The black line on the tape that you see in the last 2 pics points to the highest point of the auger fin (the "zero" inches reading) which is important because that is what all the measurements are based on. The measurement would be off if this "highest" point of the fin was not under the ice.

OK Maybe Im just bored and waiting for ice!!!   

5 colored pack of tape was bought at Home Depot for about 3.50.

Good fishing


----------



## atrkyhntr (May 31, 2004)

GREAT idea!!
Let us know how long the tape last...


----------



## hardwaterfan (Apr 6, 2004)

OK, I will and thanks for the compliment. If anyone wants to try it, feel free....Im sure someone probably has already thought of this before but Ive never seen it....I never really had a good way to measure the ice and this way theres no measuring tool to lug around or forget to bring. And it should be plenty accurate. I was thinking for a good measurement to put my thumb on the auger stem at the top of the ice and raising it up to get a good look at where my thumb would rest on the scale.

I just hope it lasts and the tape doesnt start to unravel from the cold and water.

And it will be an easier way to measure panfish.

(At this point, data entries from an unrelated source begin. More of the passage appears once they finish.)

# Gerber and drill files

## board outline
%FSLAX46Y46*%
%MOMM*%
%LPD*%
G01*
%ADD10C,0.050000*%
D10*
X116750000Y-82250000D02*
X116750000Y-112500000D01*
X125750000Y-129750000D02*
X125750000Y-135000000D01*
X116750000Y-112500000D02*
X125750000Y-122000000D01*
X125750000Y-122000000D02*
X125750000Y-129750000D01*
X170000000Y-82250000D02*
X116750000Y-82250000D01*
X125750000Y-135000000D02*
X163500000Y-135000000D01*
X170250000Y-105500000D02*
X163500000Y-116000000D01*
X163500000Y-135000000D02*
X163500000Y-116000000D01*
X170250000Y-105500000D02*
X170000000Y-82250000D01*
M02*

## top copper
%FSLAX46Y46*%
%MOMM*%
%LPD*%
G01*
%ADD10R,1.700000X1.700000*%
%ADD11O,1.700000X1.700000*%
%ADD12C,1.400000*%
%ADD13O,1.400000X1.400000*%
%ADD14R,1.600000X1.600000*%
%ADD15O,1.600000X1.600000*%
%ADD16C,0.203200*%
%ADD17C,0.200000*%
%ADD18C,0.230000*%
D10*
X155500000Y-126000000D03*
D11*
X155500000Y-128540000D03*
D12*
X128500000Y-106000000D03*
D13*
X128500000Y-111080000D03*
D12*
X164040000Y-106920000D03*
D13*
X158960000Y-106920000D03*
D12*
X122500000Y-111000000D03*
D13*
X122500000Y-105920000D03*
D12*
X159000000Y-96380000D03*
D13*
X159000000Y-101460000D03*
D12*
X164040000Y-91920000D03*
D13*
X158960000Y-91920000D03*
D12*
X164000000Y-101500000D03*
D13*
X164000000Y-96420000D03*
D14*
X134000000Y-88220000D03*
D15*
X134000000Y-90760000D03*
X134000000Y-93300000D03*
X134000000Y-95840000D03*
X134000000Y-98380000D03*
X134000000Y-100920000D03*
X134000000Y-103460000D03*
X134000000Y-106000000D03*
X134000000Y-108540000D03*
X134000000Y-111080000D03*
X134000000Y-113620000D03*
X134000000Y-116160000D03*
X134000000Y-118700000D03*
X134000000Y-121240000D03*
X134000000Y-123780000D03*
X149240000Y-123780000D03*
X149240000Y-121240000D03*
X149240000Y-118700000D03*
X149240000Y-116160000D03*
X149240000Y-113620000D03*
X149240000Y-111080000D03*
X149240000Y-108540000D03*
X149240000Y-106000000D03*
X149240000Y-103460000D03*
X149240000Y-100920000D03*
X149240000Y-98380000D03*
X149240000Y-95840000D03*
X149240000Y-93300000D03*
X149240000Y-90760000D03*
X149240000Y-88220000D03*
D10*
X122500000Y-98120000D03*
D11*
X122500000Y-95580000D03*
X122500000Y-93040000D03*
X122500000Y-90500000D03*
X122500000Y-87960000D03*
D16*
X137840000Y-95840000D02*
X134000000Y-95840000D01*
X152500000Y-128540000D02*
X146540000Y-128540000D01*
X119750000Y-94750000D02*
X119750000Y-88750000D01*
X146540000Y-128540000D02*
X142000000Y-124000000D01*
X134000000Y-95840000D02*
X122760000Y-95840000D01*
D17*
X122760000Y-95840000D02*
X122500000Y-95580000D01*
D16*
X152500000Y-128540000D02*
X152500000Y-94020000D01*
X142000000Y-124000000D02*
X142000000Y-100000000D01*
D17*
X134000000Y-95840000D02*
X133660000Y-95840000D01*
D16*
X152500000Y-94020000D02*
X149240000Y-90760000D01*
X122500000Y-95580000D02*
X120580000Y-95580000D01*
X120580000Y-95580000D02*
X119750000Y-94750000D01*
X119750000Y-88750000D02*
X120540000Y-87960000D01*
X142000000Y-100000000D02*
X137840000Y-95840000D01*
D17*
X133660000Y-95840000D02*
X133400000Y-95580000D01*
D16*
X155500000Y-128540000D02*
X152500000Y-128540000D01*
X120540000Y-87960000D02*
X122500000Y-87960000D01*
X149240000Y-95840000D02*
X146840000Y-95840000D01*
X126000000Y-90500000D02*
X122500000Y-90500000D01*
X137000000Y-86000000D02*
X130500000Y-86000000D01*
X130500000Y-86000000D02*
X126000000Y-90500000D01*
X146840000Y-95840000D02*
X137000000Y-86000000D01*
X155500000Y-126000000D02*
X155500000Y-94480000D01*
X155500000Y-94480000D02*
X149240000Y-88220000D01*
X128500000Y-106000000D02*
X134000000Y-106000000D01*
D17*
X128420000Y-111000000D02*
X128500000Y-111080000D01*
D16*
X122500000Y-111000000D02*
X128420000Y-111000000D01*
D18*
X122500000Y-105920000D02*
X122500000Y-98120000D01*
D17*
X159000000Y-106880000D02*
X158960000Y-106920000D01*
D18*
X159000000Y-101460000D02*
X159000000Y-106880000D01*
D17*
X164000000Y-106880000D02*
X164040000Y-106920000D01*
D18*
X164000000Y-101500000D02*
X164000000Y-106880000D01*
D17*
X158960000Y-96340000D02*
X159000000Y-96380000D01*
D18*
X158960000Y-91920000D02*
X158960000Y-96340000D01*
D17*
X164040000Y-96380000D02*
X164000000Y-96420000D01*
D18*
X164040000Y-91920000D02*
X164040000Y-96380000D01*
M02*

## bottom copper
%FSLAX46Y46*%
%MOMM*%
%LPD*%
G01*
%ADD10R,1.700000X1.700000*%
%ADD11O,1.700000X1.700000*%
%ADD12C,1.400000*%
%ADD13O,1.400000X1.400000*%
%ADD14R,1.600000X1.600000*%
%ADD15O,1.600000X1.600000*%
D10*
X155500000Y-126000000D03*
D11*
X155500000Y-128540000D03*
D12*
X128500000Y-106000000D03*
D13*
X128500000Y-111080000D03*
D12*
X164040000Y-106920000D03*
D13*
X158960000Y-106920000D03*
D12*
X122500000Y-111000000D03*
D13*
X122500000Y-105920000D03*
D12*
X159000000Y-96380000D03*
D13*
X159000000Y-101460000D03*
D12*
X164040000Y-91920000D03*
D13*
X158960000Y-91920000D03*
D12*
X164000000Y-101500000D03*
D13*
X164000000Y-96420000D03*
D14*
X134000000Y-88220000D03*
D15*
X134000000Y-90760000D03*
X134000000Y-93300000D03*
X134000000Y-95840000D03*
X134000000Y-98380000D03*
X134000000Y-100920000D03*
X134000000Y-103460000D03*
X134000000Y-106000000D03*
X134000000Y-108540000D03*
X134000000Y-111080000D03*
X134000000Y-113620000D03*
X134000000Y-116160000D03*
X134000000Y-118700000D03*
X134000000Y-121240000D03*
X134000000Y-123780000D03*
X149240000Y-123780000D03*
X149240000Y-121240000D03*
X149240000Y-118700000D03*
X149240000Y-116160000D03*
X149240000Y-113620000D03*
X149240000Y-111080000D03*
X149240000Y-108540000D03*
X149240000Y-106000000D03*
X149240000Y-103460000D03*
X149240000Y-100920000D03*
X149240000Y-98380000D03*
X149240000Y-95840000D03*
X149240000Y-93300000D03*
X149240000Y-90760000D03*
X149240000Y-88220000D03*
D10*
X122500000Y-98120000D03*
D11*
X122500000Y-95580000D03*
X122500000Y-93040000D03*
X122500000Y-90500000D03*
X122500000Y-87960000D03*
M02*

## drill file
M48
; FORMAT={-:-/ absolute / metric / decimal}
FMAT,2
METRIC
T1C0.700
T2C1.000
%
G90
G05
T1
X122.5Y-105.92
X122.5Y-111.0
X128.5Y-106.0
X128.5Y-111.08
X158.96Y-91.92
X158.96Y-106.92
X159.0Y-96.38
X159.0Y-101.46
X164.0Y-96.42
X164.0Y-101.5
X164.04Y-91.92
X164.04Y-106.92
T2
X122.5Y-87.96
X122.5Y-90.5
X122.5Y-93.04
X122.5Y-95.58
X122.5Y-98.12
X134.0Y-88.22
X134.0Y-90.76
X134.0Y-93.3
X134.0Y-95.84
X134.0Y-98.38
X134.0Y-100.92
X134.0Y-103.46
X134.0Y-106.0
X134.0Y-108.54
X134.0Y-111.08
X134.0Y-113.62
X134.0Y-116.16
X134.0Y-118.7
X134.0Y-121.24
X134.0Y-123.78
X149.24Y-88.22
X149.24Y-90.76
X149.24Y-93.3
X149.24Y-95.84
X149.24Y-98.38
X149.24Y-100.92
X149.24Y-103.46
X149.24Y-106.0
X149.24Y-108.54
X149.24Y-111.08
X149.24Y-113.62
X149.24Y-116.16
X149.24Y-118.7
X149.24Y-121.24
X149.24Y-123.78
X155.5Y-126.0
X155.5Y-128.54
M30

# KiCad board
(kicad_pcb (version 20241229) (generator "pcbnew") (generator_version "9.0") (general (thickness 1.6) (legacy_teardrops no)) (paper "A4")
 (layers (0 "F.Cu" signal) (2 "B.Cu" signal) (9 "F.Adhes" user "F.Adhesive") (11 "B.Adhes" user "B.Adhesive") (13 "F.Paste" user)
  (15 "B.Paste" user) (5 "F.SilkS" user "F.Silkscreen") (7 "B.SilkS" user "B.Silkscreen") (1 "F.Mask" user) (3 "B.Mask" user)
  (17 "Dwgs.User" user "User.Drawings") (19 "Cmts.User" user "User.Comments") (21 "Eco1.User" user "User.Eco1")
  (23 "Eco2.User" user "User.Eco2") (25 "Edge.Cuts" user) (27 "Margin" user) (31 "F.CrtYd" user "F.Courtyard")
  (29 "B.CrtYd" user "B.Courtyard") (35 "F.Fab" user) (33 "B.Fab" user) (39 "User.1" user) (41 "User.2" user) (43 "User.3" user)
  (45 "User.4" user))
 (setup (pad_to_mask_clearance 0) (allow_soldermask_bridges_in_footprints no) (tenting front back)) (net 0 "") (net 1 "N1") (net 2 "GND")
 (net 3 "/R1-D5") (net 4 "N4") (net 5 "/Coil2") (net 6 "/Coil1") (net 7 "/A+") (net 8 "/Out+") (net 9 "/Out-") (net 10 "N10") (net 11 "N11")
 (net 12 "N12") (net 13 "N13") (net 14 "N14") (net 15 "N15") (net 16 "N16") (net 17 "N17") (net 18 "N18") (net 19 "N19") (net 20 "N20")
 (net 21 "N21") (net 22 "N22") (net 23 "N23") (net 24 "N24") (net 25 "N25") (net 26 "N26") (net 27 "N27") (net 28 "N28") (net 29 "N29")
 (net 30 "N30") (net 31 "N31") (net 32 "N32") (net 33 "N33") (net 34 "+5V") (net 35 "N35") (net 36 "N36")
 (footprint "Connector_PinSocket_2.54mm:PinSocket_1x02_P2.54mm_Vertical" (layer "F.Cu") (at 155.5 126)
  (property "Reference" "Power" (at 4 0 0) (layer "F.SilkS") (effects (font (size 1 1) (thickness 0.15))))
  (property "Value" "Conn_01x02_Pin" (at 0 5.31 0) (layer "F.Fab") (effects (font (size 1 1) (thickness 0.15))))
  (pad "1" thru_hole rect (at 0 0) (size 1.7 1.7) (drill 1) (layers "*.Cu" "*.Mask") (remove_unused_layers no) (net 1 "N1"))
  (pad "2" thru_hole oval (at 0 2.54) (size 1.7 1.7) (drill 1) (layers "*.Cu" "*.Mask") (remove_unused_layers no) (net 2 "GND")))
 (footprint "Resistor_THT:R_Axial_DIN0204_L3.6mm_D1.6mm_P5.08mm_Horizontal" (layer "F.Cu") (at 128.5 106 -90)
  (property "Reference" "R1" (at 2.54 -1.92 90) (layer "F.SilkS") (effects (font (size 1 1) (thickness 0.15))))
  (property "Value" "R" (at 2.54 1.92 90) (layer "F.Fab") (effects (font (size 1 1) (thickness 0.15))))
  (pad "1" thru_hole circle (at 0 0 270) (size 1.4 1.4) (drill 0.7) (layers "*.Cu" "*.Mask") (remove_unused_layers no) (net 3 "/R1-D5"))
  (pad "2" thru_hole oval (at 5.08 0 270) (size 1.4 1.4) (drill 0.7) (layers "*.Cu" "*.Mask") (remove_unused_layers no) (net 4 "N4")))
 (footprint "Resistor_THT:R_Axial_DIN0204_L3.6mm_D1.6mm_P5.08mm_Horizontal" (layer "F.Cu") (at 164.04 106.92 180)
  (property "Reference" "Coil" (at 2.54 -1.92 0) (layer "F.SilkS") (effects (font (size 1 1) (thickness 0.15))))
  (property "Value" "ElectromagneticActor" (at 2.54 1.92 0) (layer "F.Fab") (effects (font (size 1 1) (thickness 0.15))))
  (pad "1" thru_hole circle (at 0 0 180) (size 1.4 1.4) (drill 0.7) (layers "*.Cu" "*.Mask") (remove_unused_layers no) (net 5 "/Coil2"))
  (pad "2" thru_hole oval (at 5.08 0 180) (size 1.4 1.4) (drill 0.7) (layers "*.Cu" "*.Mask") (remove_unused_layers no) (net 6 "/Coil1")))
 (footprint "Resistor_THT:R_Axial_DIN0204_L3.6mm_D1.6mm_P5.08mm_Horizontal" (layer "F.Cu") (at 122.5 111 90)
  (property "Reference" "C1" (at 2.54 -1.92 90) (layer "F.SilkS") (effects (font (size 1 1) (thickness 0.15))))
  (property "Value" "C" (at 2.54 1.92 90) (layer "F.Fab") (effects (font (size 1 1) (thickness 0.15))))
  (pad "1" thru_hole circle (at 0 0 90) (size 1.4 1.4) (drill 0.7) (layers "*.Cu" "*.Mask") (remove_unused_layers no) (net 4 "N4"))
  (pad "2" thru_hole oval (at 5.08 0 90) (size 1.4 1.4) (drill 0.7) (layers "*.Cu" "*.Mask") (remove_unused_layers no) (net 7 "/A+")))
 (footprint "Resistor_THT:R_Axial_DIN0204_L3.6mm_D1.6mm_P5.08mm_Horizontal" (layer "F.Cu") (at 159 96.38 -90)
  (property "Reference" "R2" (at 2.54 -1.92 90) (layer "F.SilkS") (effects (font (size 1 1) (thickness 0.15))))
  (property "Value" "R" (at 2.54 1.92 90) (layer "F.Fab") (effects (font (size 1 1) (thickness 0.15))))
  (pad "1" thru_hole circle (at 0 0 270) (size 1.4 1.4) (drill 0.7) (layers "*.Cu" "*.Mask") (remove_unused_layers no) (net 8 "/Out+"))
  (pad "2" thru_hole oval (at 5.08 0 270) (size 1.4 1.4) (drill 0.7) (layers "*.Cu" "*.Mask") (remove_unused_layers no) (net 6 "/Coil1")))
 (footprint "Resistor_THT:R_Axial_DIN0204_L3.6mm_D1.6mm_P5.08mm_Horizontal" (layer "F.Cu") (at 164.04 91.92 180)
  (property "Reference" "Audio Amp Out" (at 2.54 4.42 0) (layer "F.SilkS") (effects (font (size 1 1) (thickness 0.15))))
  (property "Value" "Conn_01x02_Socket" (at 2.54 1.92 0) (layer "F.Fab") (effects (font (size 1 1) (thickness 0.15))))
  (pad "1" thru_hole circle (at 0 0 180) (size 1.4 1.4) (drill 0.7) (layers "*.Cu" "*.Mask") (remove_unused_layers no) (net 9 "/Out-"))
  (pad "2" thru_hole oval (at 5.08 0 180) (size 1.4 1.4) (drill 0.7) (layers "*.Cu" "*.Mask") (remove_unused_layers no) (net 8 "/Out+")))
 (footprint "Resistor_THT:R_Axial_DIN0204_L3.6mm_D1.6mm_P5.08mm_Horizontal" (layer "F.Cu") (at 164 101.5 90)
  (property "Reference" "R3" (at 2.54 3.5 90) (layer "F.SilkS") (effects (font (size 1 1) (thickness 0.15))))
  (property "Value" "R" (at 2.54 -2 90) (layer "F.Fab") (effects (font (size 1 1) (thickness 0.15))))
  (pad "1" thru_hole circle (at 0 0 90) (size 1.4 1.4) (drill 0.7) (layers "*.Cu" "*.Mask") (remove_unused_layers no) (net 5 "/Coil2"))
  (pad "2" thru_hole oval (at 5.08 0 90) (size 1.4 1.4) (drill 0.7) (layers "*.Cu" "*.Mask") (remove_unused_layers no) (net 9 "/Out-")))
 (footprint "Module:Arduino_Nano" (layer "F.Cu") (at 134 88.22)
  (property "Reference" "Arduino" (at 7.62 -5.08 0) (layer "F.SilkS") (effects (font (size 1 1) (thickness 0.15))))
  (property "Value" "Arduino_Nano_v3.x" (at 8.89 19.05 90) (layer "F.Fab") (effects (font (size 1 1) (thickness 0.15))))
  (pad "1" thru_hole rect (at 0 0) (size 1.6 1.6) (drill 1) (layers "*.Cu" "*.Mask") (remove_unused_layers no) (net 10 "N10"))
  (pad "2" thru_hole oval (at 0 2.54) (size 1.6 1.6) (drill 1) (layers "*.Cu" "*.Mask") (remove_unused_layers no) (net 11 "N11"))
  (pad "3" thru_hole oval (at 0 5.08) (size 1.6 1.6) (drill 1) (layers "*.Cu" "*.Mask") (remove_unused_layers no) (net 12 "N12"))
  (pad "4" thru_hole oval (at 0 7.62) (size 1.6 1.6) (drill 1) (layers "*.Cu" "*.Mask") (remove_unused_layers no) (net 2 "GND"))
  (pad "5" thru_hole oval (at 0 10.16) (size 1.6 1.6) (drill 1) (layers "*.Cu" "*.Mask") (remove_unused_layers no) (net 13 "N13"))
  (pad "6" thru_hole oval (at 0 12.7) (size 1.6 1.6) (drill 1) (layers "*.Cu" "*.Mask") (remove_unused_layers no) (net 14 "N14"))
  (pad "7" thru_hole oval (at 0 15.24) (size 1.6 1.6) (drill 1) (layers "*.Cu" "*.Mask") (remove_unused_layers no) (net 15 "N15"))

Much simpler than using a tape measure. just put the fish's nose on the auger fin at its highest point and measure.


----------



## KSUFLASH (Apr 14, 2004)

sounds like someone is wanting hard water really bad right now...haha.....great idea on the auger...

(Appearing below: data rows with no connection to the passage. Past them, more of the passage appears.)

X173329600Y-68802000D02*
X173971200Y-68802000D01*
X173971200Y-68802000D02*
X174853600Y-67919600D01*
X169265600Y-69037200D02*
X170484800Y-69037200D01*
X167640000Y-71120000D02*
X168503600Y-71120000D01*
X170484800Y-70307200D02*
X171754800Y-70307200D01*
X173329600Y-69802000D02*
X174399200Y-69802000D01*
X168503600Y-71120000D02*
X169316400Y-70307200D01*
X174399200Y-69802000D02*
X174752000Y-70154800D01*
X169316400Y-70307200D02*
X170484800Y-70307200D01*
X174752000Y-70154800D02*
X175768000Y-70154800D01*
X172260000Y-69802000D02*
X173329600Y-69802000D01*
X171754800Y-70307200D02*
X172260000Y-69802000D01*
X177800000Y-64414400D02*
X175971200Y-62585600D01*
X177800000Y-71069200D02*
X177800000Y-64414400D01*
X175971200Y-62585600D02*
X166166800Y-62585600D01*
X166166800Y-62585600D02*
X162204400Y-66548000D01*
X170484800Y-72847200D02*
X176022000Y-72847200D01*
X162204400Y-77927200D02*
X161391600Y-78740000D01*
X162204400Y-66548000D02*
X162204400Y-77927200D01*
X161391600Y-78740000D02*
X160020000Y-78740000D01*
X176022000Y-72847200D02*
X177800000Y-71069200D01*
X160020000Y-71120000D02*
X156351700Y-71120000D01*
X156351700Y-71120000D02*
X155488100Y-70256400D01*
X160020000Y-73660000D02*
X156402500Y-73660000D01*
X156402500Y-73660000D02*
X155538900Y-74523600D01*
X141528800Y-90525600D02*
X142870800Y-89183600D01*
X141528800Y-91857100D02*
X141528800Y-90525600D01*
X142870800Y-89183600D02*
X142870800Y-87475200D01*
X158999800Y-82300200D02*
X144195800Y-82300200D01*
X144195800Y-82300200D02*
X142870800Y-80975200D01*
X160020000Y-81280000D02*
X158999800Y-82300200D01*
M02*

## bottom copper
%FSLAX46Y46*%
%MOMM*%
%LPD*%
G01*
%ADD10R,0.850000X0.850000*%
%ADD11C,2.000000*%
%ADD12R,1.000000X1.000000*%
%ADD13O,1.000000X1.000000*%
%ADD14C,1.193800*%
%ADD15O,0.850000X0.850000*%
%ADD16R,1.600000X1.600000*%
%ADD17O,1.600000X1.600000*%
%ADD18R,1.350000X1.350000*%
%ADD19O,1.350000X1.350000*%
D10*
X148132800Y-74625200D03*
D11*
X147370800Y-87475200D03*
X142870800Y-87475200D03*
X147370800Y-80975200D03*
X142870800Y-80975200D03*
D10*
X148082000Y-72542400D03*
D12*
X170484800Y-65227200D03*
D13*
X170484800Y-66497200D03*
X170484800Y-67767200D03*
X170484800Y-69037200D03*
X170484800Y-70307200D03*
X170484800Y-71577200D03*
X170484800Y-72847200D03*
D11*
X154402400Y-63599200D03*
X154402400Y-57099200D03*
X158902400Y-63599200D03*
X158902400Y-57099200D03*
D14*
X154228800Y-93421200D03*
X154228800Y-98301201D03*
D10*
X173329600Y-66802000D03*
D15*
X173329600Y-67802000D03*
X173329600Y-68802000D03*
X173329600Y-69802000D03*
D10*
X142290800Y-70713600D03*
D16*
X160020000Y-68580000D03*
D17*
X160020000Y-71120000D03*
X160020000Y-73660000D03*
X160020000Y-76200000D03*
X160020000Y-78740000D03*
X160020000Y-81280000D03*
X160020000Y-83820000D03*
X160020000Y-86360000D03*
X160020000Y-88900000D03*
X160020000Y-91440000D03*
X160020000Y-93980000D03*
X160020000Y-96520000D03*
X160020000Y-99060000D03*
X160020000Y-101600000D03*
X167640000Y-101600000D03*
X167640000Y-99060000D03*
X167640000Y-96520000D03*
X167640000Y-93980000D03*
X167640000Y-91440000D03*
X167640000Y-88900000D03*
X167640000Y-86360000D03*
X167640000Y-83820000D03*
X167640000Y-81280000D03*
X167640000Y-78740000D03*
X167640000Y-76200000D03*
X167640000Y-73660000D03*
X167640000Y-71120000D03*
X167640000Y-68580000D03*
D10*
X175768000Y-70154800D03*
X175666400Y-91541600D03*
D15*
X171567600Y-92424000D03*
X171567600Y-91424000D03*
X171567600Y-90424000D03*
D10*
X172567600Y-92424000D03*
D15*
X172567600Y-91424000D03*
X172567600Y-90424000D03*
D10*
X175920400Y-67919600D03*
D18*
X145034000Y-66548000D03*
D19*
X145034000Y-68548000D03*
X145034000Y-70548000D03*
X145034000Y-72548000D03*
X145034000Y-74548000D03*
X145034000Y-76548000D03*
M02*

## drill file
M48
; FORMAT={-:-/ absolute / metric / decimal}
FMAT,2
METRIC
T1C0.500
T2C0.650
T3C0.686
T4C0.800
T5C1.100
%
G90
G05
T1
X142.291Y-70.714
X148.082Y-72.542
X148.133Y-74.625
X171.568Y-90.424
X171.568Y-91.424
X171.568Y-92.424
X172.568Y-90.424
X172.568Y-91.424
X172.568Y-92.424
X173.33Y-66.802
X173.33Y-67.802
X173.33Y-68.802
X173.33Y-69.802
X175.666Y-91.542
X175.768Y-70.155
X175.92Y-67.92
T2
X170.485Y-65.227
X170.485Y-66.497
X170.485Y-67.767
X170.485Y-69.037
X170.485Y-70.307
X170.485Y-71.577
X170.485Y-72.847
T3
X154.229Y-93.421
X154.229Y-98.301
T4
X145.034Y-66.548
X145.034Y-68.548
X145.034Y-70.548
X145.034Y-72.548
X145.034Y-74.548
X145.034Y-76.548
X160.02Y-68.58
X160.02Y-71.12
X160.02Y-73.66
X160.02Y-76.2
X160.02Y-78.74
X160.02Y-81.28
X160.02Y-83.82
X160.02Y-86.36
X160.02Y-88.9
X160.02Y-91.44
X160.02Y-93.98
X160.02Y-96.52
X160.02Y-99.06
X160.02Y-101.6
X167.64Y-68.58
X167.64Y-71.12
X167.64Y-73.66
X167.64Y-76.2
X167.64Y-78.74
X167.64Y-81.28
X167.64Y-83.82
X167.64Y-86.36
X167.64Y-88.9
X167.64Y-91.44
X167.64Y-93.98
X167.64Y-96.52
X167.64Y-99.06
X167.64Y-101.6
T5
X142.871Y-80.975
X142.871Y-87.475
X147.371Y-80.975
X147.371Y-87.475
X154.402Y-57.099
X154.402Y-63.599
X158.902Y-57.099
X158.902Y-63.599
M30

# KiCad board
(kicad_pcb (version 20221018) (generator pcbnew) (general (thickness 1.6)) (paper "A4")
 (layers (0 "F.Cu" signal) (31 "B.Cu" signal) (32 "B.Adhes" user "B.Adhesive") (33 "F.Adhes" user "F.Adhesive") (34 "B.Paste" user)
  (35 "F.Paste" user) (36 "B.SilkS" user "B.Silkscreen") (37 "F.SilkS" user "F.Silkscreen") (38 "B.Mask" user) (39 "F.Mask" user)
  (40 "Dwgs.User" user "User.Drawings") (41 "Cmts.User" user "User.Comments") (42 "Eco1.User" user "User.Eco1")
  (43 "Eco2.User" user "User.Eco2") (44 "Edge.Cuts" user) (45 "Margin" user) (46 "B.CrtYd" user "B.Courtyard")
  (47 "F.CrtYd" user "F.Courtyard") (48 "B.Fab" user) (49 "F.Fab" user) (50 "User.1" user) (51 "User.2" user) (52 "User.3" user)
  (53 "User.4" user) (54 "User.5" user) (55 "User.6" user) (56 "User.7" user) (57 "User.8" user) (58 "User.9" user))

flash---------------------------------out


----------



## mrfishohio (Apr 5, 2004)

If push comes to shove & the tape wears off, you could always use paint & masking tape. Mask off where you don't want paint & use the paint just like you have the tape. Use 1/2" tape as that is what your spacing is.


----------



## mrfishohio (Apr 5, 2004)

Then again, I've seen stick on tape measures, you stick them on your boat, or an oar, etc. Those might work too. Ingenious idea you got there !! Congrats !


----------



## chaunc (Apr 11, 2004)

Sounds like a good way to keep busy, if you dont hunt or fish in the fall. I already have a ruler on my scoop. Its 16 inches and has a hooked handle to make it easier to hold in the cold. Its 5" diameter. Found it on the fishusa website. Dont remember what it cost. I figured it would serve two purposes and take up one space.


----------



## maumeemoon (Jun 1, 2004)

If you have doubts about the tape holding up to the water & ice, you could try sealing it with a two-part clear epoxy, or some other type of "tough" sealant. Let use know how it works when the ice gets that far, Intresting idea!


----------



## hardwaterfan (Apr 6, 2004)

thanks for the ideas and comments guys.


----------



## hardwaterfan (Apr 6, 2004)

peple of the perch recognized it out on Ladue last winter, thats how i met him and his dad.

the tape held up very well, i was impressed. just a minor tad of fraying, nothing even worth bothering with. and it was very convenient, it worked out a lot better than i thought. cause if you imagine it, when you drill a hole and your auger goes through, just hold it up against of the side of the hole and look at it. it doesnt get any easier than that.

it worked best when augering in areas where i wasnt already confident in the ice. for example i drilled a hole and only had about 2" last year. its fast and i got out of there.

or, 6" here, 6.5" here, 9" here? wow.... 6" here.... it just helped me get a feel for the ice as a whole instead of how is the ice in ONE hole.....i knew exactly how the ice was in EVERY hole.

not that it really matters all THAT much.  

i think the thickest ice i saw last year was around 10" around the islands at mogadore.


----------